Exercise materials:
Start of Block

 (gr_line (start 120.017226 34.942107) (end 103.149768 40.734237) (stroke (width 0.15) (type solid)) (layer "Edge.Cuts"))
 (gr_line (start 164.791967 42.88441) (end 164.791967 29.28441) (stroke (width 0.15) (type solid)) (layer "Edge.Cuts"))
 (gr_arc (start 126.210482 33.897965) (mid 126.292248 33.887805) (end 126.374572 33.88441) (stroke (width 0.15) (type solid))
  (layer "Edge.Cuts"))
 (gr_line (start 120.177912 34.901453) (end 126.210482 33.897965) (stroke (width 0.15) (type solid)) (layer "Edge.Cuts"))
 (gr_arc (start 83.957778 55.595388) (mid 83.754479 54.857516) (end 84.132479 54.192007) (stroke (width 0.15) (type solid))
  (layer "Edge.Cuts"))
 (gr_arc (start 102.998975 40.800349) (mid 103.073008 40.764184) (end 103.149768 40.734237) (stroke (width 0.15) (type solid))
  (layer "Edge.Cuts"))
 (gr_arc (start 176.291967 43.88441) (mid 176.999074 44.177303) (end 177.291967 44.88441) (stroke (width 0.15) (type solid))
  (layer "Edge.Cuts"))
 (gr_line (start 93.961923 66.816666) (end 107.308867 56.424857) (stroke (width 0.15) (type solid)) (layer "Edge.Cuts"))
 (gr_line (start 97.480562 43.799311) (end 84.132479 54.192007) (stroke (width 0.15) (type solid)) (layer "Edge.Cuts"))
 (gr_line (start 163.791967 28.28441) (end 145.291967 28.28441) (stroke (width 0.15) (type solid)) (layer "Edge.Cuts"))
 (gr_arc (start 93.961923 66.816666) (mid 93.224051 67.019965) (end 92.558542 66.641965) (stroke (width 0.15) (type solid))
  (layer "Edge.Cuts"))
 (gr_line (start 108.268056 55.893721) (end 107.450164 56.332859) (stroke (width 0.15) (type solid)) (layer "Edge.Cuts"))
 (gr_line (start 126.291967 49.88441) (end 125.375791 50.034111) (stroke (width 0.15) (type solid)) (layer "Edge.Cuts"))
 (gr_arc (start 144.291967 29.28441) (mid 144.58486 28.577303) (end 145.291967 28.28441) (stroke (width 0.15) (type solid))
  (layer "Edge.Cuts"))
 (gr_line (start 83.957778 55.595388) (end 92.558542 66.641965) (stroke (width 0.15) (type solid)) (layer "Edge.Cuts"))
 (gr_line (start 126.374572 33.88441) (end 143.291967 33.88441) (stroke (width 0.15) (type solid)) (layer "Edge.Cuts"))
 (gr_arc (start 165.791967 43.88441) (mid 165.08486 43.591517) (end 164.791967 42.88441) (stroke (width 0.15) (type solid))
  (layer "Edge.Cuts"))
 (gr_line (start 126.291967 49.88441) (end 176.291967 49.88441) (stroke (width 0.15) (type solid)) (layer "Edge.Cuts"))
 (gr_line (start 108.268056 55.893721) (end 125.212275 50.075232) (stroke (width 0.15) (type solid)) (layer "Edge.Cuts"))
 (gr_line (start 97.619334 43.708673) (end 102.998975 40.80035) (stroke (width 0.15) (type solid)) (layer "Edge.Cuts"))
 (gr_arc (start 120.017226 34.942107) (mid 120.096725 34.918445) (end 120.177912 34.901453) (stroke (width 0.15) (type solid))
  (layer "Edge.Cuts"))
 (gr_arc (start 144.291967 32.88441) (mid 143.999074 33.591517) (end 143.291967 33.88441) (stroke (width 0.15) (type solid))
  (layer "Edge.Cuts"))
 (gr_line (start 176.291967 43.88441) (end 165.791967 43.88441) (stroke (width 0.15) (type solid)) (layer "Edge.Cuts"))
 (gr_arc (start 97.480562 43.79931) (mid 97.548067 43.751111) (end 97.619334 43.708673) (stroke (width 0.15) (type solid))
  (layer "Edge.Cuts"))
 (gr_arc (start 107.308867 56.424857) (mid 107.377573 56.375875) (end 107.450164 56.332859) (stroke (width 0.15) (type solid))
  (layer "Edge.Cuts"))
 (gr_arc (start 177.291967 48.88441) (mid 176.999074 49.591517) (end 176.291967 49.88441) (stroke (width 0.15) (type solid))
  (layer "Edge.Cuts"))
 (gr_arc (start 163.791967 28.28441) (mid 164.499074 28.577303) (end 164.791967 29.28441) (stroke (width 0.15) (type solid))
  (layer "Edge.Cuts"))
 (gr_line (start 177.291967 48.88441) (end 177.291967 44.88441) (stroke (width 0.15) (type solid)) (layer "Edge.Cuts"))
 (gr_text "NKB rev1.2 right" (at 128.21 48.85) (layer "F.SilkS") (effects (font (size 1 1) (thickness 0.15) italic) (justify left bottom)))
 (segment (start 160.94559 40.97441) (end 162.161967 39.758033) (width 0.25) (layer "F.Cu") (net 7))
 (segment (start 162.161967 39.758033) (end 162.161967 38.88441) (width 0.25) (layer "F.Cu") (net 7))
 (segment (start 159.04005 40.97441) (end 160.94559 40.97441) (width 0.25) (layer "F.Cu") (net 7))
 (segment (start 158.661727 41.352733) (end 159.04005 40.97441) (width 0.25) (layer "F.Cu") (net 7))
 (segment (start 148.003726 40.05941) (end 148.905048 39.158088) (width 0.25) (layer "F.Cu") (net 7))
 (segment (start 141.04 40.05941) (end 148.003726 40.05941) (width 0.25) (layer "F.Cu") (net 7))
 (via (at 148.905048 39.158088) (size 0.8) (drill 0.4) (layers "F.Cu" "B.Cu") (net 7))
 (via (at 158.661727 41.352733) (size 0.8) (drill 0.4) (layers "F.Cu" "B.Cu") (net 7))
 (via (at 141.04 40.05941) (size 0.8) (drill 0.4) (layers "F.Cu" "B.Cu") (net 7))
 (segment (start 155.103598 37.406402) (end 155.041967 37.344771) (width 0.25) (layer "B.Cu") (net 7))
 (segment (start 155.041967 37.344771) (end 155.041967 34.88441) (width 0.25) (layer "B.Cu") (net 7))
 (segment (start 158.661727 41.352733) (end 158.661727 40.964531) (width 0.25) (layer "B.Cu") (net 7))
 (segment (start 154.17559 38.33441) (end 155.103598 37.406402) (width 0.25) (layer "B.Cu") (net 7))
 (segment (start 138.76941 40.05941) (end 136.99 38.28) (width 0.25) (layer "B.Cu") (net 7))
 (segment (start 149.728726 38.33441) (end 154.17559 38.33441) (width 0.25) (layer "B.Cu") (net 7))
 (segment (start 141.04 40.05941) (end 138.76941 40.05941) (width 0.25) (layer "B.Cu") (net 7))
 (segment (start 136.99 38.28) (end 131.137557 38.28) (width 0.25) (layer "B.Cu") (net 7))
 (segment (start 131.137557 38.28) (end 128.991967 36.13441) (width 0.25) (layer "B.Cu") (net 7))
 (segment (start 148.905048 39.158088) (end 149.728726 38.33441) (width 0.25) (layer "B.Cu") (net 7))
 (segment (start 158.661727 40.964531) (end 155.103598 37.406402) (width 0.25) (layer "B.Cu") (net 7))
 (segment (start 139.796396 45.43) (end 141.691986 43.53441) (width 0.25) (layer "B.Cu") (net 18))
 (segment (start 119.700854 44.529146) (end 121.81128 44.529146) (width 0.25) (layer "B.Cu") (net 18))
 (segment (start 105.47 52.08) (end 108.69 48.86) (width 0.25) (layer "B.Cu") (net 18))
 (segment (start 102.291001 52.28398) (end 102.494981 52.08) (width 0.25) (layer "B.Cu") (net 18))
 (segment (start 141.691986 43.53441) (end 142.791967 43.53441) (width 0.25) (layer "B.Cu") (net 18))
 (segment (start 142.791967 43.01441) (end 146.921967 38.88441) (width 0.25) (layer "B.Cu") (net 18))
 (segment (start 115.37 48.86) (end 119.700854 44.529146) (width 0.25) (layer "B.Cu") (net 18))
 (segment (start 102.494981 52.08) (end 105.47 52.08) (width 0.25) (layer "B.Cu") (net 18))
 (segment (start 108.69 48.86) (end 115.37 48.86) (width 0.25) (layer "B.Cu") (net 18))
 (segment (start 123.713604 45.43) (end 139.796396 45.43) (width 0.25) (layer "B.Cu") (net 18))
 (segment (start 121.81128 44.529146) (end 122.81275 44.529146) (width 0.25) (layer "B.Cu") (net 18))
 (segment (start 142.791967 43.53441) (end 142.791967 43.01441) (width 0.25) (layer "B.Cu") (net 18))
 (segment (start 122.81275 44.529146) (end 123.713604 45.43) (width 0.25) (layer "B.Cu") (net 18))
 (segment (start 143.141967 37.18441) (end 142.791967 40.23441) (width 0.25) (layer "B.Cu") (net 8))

End of Block

Exercise aim:
What is the number of lines in the records that contain "drill"? State that number alone.

Result of this exercise:
3